If a pregnant woman is injured, it is important to monitor not only her vital signs, but also the condition of the fetus. The patient must be taken to the hospital as quickly as possible, since the child may die due to injury and stress.

It is extremely important to thoroughly master resuscitation techniques. Any of us can master them and, if necessary, save a person’s life.

Why is oxygen so important?

Of the total body weight, gray matter occupies only 2%, but at the same time, for full-fledged work, it consumes 20% of all gas entering the body.
Without oxygen, the brain will not be able to do its job. Glucose is needed to perform any activity, such as the neurons that control all body functions. Without oxygen, cells will not be able to produce this substance and subsequently convert it into the necessary energy.

If you deprive the brain of oxygen, the cause of its death will be the inability to nourish the cells, because there simply will not be energy (glucose) for this.

Controversies and theories

Numerous studies have been carried out, the results of which were the statement that the human brain continues to function for 4-6 minutes after the death of the body. Many scientists have argued about how a person sees and relates to his own death and still cannot come to a common conclusion.

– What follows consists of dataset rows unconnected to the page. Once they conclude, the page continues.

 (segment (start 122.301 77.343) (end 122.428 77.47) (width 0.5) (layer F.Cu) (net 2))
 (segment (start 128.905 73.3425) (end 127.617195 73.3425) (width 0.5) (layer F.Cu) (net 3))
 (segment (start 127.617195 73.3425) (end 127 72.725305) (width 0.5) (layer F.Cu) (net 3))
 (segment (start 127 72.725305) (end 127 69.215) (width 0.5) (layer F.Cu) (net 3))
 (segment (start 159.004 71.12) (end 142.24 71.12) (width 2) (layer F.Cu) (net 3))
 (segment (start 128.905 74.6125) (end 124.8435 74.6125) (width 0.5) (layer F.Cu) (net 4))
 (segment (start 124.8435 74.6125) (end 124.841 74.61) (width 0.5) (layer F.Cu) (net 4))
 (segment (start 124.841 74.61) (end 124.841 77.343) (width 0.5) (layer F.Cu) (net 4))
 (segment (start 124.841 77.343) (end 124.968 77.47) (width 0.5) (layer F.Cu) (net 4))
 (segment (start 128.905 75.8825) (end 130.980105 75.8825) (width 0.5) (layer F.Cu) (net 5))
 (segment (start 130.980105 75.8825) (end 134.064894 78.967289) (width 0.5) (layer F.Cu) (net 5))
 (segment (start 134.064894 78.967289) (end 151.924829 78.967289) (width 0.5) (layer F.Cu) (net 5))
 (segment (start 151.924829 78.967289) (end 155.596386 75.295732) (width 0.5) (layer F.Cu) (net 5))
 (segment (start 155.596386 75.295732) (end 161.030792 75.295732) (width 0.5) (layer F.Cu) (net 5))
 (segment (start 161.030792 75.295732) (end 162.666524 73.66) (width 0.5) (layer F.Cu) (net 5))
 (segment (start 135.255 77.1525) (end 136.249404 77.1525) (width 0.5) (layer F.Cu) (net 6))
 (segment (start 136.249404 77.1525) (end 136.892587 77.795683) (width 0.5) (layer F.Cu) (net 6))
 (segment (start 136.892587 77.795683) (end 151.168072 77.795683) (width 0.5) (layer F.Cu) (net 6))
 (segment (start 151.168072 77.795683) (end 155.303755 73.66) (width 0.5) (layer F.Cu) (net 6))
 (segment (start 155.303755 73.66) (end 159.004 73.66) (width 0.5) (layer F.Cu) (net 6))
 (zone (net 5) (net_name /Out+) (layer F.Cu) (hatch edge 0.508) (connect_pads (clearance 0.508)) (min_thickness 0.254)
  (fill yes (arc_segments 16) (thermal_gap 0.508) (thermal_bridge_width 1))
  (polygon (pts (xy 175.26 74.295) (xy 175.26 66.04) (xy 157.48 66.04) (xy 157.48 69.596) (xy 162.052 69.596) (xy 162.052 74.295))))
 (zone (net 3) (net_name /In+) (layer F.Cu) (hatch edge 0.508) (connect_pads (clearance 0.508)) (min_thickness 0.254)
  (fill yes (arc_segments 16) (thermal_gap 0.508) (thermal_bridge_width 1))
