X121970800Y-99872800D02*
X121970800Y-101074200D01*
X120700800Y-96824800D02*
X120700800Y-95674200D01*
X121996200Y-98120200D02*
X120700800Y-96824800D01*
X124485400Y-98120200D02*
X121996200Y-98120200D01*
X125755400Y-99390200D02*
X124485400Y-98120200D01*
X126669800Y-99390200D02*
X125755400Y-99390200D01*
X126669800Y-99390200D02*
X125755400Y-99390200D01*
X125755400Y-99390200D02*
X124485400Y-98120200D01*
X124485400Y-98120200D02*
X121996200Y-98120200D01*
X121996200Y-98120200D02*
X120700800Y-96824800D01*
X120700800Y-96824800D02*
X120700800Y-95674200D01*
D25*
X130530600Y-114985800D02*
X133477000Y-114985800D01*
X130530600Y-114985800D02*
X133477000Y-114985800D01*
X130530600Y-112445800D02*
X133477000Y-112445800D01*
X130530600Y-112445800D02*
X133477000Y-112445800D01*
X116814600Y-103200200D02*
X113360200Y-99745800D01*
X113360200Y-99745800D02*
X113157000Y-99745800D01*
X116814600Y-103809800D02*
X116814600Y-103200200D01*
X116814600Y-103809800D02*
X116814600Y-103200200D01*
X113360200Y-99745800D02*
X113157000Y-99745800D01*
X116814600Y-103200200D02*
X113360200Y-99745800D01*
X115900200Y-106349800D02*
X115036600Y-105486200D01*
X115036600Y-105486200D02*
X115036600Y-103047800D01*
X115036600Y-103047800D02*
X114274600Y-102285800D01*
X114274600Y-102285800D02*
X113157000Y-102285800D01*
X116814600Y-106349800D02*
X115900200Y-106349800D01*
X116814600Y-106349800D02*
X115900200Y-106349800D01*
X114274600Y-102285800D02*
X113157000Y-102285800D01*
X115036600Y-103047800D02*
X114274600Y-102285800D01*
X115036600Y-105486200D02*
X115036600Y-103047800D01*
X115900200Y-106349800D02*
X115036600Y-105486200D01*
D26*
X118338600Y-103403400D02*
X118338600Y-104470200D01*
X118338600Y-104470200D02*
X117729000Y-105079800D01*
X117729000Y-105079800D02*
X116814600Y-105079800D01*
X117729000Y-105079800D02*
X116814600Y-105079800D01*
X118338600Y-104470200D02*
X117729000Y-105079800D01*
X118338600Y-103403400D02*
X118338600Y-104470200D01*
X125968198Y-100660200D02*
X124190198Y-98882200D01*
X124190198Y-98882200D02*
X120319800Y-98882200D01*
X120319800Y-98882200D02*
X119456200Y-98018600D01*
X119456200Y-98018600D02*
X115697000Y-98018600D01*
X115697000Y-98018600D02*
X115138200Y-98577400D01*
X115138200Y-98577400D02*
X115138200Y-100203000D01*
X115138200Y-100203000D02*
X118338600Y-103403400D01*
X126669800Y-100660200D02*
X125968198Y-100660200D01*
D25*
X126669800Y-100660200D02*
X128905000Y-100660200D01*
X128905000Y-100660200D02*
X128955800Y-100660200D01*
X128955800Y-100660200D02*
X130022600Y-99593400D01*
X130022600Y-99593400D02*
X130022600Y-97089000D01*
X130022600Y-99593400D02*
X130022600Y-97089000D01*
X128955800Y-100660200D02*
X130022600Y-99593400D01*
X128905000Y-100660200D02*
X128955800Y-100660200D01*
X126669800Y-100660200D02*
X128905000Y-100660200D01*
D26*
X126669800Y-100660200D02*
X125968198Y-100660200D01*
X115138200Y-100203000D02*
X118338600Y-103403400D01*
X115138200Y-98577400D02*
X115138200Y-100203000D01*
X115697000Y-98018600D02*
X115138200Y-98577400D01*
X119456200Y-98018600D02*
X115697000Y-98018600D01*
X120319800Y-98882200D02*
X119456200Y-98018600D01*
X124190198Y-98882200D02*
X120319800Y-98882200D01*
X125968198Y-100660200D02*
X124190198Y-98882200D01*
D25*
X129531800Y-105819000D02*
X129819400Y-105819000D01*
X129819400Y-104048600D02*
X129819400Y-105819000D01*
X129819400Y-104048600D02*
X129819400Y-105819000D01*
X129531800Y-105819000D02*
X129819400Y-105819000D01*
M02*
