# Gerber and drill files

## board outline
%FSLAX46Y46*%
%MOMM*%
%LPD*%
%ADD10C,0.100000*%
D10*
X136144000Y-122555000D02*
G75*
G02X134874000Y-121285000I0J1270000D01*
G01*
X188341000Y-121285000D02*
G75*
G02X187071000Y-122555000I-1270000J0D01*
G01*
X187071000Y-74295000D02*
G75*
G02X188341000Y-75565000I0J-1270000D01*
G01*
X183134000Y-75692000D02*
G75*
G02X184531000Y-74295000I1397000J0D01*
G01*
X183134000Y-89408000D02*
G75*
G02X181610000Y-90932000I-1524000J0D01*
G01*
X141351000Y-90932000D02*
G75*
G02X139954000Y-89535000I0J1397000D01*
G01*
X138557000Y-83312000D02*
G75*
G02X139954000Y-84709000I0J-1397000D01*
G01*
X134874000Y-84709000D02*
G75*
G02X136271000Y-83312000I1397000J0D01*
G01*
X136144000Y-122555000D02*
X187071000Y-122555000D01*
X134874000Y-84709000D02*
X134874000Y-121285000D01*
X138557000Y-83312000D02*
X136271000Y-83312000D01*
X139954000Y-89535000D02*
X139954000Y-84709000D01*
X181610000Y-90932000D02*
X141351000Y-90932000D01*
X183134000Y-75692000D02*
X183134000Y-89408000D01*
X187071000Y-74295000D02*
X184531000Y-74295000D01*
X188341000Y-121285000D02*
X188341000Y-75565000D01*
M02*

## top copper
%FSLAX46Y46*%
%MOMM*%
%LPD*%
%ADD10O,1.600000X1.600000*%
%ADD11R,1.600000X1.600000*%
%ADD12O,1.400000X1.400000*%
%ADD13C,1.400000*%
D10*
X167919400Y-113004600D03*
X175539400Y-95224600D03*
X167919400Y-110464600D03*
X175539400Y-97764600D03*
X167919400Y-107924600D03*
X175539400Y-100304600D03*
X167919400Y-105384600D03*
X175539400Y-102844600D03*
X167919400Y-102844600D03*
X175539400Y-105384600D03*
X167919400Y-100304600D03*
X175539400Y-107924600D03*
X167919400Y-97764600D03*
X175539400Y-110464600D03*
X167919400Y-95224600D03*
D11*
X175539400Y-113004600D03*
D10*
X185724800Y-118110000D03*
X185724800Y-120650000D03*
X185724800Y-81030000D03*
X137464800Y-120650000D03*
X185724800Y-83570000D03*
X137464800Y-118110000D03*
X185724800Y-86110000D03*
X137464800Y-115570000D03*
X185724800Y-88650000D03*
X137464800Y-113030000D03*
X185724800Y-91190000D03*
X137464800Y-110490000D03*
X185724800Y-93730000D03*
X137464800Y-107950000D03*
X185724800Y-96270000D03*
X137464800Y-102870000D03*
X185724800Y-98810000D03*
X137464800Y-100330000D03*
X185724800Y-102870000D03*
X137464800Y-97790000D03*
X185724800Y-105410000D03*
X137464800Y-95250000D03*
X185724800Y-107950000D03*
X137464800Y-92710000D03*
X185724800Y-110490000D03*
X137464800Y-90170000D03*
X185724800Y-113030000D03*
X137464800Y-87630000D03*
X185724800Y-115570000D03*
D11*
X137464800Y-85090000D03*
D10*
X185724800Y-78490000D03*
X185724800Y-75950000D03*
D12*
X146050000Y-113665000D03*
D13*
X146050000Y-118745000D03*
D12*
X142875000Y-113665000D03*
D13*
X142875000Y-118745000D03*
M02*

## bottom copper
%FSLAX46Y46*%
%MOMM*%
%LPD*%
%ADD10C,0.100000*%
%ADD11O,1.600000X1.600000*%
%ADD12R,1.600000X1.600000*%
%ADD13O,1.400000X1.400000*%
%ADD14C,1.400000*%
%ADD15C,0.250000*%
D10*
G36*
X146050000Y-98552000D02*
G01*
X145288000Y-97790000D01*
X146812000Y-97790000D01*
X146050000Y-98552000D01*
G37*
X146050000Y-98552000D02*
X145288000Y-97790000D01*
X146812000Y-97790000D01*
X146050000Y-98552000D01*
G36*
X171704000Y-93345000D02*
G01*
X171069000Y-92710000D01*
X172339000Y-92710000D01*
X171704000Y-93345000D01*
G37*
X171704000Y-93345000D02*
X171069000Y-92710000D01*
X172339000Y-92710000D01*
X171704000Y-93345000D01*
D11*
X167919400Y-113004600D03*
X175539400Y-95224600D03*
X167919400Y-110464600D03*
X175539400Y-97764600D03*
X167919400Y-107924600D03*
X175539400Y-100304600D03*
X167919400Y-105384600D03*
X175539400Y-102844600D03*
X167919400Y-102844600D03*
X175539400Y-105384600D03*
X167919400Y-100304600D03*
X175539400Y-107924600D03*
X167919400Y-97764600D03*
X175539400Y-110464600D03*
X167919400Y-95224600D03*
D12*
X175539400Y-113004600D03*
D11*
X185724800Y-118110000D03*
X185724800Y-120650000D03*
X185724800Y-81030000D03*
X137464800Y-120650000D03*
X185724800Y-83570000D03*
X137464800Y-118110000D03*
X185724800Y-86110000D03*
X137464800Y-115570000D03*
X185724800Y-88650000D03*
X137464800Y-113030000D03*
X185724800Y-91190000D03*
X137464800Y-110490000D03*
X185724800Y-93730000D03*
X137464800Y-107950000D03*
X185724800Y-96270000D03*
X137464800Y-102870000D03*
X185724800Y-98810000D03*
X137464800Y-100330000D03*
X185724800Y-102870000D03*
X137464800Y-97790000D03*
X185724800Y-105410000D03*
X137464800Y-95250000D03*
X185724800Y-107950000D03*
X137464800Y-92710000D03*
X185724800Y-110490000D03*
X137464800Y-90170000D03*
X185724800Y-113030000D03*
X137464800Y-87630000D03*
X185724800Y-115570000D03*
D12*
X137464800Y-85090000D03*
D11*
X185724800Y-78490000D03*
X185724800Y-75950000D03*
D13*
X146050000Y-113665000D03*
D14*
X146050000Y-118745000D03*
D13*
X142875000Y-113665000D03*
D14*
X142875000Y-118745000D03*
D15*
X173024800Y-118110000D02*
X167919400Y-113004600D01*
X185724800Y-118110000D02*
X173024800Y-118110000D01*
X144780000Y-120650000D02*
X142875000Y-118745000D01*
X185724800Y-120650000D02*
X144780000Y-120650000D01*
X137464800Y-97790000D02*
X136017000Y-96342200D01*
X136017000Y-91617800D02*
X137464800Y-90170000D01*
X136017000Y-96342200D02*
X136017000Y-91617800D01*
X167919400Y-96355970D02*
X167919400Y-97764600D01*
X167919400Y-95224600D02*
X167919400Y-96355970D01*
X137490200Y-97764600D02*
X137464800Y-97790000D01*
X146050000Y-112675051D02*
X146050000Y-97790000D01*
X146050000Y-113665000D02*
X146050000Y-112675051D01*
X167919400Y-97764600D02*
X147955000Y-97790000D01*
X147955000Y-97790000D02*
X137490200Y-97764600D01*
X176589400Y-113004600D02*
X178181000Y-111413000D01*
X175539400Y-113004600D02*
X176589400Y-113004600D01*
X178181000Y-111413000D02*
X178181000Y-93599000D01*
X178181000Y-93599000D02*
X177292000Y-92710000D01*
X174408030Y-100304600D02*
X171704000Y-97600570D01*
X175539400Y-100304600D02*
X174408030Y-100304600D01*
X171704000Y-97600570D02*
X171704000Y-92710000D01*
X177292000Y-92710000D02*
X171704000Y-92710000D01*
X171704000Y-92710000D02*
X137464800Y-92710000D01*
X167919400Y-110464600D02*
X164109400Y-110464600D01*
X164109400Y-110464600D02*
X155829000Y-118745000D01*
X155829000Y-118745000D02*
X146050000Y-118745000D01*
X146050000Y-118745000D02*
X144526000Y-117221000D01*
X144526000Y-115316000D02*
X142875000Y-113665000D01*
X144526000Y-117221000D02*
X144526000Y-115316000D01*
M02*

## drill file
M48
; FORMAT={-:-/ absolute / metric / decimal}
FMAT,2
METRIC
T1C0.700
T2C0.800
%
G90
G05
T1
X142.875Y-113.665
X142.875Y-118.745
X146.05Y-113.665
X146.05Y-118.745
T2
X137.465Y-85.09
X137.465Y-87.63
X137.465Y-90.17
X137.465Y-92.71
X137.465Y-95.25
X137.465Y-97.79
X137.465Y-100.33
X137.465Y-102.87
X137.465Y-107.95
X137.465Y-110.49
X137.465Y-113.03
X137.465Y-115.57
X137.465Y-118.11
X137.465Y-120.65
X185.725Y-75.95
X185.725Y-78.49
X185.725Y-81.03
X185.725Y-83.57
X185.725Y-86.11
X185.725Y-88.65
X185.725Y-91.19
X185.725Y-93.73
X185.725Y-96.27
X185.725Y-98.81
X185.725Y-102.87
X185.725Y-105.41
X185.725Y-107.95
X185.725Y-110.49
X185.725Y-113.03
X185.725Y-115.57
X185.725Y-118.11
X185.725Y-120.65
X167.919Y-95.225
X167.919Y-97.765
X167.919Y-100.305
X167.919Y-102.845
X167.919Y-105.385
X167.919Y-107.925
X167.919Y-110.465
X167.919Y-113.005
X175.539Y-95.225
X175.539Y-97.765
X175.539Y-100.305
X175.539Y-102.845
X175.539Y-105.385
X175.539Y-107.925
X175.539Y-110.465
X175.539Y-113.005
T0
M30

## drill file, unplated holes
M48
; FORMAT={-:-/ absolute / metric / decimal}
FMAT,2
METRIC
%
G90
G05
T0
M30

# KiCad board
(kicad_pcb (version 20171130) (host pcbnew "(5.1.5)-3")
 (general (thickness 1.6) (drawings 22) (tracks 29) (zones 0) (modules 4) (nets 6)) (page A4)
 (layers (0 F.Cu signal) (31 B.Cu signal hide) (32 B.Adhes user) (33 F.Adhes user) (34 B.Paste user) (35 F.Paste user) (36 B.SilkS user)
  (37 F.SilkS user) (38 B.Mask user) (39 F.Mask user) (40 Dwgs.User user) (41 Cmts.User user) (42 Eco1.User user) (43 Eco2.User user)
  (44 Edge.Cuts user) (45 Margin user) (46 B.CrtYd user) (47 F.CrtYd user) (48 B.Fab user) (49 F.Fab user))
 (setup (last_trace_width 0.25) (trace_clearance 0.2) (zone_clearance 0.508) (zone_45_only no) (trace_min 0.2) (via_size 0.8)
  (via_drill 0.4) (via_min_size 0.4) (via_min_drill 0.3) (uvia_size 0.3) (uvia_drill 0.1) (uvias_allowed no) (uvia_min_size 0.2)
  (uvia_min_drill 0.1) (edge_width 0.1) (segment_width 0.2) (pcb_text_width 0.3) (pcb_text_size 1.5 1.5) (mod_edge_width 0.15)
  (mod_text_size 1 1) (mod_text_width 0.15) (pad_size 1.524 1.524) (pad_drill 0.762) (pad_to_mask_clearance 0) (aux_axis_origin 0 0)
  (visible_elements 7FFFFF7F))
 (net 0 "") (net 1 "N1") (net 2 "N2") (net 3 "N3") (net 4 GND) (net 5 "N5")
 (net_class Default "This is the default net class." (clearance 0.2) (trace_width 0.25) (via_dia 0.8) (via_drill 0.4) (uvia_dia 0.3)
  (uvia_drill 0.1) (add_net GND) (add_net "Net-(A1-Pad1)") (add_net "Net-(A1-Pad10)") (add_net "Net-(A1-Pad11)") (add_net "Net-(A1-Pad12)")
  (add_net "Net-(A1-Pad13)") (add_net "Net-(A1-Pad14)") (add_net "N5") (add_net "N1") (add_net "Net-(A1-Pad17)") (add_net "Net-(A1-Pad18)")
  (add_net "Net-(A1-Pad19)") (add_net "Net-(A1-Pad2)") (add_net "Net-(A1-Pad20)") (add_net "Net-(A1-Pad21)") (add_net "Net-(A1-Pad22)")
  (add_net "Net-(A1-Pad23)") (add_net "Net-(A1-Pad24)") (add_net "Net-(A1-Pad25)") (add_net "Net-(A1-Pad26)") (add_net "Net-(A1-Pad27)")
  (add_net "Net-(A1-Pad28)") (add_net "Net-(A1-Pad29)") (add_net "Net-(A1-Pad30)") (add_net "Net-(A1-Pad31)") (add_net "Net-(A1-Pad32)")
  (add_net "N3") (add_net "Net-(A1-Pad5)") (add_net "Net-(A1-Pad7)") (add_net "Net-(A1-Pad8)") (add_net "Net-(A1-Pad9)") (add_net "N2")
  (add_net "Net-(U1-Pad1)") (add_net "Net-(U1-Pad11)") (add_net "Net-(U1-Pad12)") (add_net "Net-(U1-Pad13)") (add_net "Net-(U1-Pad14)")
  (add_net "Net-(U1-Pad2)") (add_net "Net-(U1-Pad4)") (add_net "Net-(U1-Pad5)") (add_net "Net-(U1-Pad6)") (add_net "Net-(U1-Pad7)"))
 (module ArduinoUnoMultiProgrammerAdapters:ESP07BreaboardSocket (layer F.Cu) (at 171.704 102.616)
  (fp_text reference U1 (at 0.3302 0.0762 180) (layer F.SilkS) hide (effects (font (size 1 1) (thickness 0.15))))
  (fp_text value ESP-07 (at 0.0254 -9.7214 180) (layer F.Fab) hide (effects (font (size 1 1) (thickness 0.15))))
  (pad 16 thru_hole oval (at -3.7846 10.3886 180) (size 1.6 1.6) (drill 0.8) (layers *.Cu *.Mask) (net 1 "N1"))
  (pad 1 thru_hole oval (at 3.8354 -7.3914 180) (size 1.6 1.6) (drill 0.8) (layers *.Cu *.Mask))
  (pad 15 thru_hole oval (at -3.7846 7.8486 180) (size 1.6 1.6) (drill 0.8) (layers *.Cu *.Mask) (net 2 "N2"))
  (pad 2 thru_hole oval (at 3.8354 -4.8514 180) (size 1.6 1.6) (drill 0.8) (layers *.Cu *.Mask))
  (pad 14 thru_hole oval (at -3.7846 5.3086 180) (size 1.6 1.6) (drill 0.8) (layers *.Cu *.Mask))
  (pad 3 thru_hole oval (at 3.8354 -2.3114 180) (size 1.6 1.6) (drill 0.8) (layers *.Cu *.Mask) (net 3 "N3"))
  (pad 13 thru_hole oval (at -3.7846 2.7686 180) (size 1.6 1.6) (drill 0.8) (layers *.Cu *.Mask))
  (pad 4 thru_hole oval (at 3.8354 0.2286 180) (size 1.6 1.6) (drill 0.8) (layers *.Cu *.Mask))
  (pad 12 thru_hole oval (at -3.7846 0.2286 180) (size 1.6 1.6) (drill 0.8) (layers *.Cu *.Mask))
  (pad 5 thru_hole oval (at 3.8354 2.7686 180) (size 1.6 1.6) (drill 0.8) (layers *.Cu *.Mask))
  (pad 11 thru_hole oval (at -3.7846 -2.3114 180) (size 1.6 1.6) (drill 0.8) (layers *.Cu *.Mask))
  (pad 6 thru_hole oval (at 3.8354 5.3086 180) (size 1.6 1.6) (drill 0.8) (layers *.Cu *.Mask))
  (pad 10 thru_hole oval (at -3.7846 -4.8514 180) (size 1.6 1.6) (drill 0.8) (layers *.Cu *.Mask) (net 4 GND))
  (pad 7 thru_hole oval (at 3.8354 7.8486 180) (size 1.6 1.6) (drill 0.8) (layers *.Cu *.Mask))
  (pad 9 thru_hole oval (at -3.7846 -7.3914 180) (size 1.6 1.6) (drill 0.8) (layers *.Cu *.Mask) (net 4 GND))
  (pad 8 thru_hole rect (at 3.8354 10.3886 270) (size 1.6 1.6) (drill 0.8) (layers *.Cu *.Mask) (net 3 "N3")))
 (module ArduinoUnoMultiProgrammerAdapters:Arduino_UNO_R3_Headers (layer F.Cu) (at 160.274 89.535)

Some doctors believe that the individual’s mind dies immediately, while others believe that it continues to work indefinitely. Recent testing has shown that after death, the work of the central nervous system does not stop. Therefore, in a state of clinical death, a person can be aware of what happened to him, because consciousness continues to function.

Modern medicine has reached a high level of development. New devices can keep the body in working condition (pumping blood and oxygen) for years. Therefore, a reasonable question arose: how long does the brain live after death, and what can be considered death in general? Its main symptom is the death of neurons, which leads to the loss of the individual’s personality.